In the last couple of weeks, I've given maybe five speeches, none of which were terribly difficult. Some required more preparation that I'm usually willing to grant -- measured in days rather than hours or minutes -- but in that time, I've also witnessed a couple dozen presentations by my fellow students. Anyone who has ever had to endure the class periods consumed by group or individual term presentations feels my pain, and will recognize these brands of speakers:

1. The Dependent
These speakers are fairly certain that the world will immediately be consumed by baleful fire if they glance away from their notes for so much as a second. Of course, you don't know if their notes are actually a primeval text in the tongue of the Old Ones, only the active and uninterrupted reading of which is preserving all life and creation, because they are reading their notes to their notes. The paper is so close to their face that you can't possibly hear a word they say; hunched over like an abused puppy, trying to make themselves as small a target as possible for the deadly lasers that are surely hissing from your eyes, all you can grasp is a quiet, terrified mumbling.
   
2. The Freeze-Tag
These guys have been frozen in place by some malevolent villain. Despite the fact that the entire front of the room is open to them, their feet never move. Sometimes, they almost shift their weight, and everyone leans forward, waiting, hoping that maybe, just...maybe...they will free themselves from their invisible bonds and step forth, away from the computer, into the rest of the room. They gaze around like deer caught behind a fence -- and not just any deer. No, deer that specifically lack significant problem-solving capacities usually boasted by other deer. They're just...trapped. It makes you anxious just to watch them suffer.

3. The Smooth Operator
These guys get away with never doing work because they're relatively smooth to begin with. They're good at getting people to like them, and they count on that skill rather than research or preparation to create a successful presentation. They talk in circles, but never actually say anything, because they've got nothing to say. In groups, they don't do a damned thing; rather, they lean on everyone else, rephrasing their points or just sneaking in random transitions between topics to make you feel like they contributed. (Read: Politicians.)
   
4. The Rash
 Usually, these guys do just fine -- except that, as soon as they step in front of a class, they appear to be suffering from some awful, horrifying, debilitating disease. Their nervousness, refused access to the brain and unable to suddenly block access to thoughts and words, rebels and channels through the skin, creating weird, alien blotches of red all over their face, neck and hands. I always want to lean back in my chair, to get as far away from them as possible, because while their presentation might be fine, I'm terrified of catching some horrible plague that will eventually kill everyone I've ever known and loved.

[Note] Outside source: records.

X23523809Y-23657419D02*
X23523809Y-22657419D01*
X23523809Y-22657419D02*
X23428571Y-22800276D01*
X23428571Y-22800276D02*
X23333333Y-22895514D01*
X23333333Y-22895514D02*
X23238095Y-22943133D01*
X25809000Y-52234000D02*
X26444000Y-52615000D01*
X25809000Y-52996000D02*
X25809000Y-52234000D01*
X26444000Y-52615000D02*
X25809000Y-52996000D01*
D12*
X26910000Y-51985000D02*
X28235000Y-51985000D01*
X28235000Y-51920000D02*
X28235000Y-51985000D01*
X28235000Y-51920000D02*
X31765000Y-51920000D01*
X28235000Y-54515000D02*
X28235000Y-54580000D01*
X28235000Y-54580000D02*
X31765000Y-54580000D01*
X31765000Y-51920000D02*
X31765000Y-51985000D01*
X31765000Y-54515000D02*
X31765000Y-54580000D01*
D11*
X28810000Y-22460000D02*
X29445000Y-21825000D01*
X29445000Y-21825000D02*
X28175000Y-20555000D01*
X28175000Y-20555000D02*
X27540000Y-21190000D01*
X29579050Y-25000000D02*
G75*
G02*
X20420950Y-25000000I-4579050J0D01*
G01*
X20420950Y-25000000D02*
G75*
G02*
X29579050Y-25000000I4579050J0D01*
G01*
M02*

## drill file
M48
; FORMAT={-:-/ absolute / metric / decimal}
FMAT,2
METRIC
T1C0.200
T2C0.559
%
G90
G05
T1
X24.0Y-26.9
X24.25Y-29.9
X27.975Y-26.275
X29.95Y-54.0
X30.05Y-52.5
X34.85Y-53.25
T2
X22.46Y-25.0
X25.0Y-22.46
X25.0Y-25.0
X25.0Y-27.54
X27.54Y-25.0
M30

This is to say nothing of the PowerPoints people create to "compliment" their speeches. It seems like there's no happy medium.

It's either, "Wait. There are not enough words in that bullet point to make me grasp the idea or event you are attempting to convey."

Or, "OH, MY GOD! IT'S A MONSTER WALL OF TEXT, WITH NO RELIEF IN SIGHT! SAVE US!"

To which, I reply: tl;dr.
Avalon, out.

PS - Spiders are legitimately terrifying, and this post should by no means be interpreted as a jibe against people who squeal like skewered baby pigs when an arachnid appears.

_______________________
"Did that dog just crap a bloody shoe?"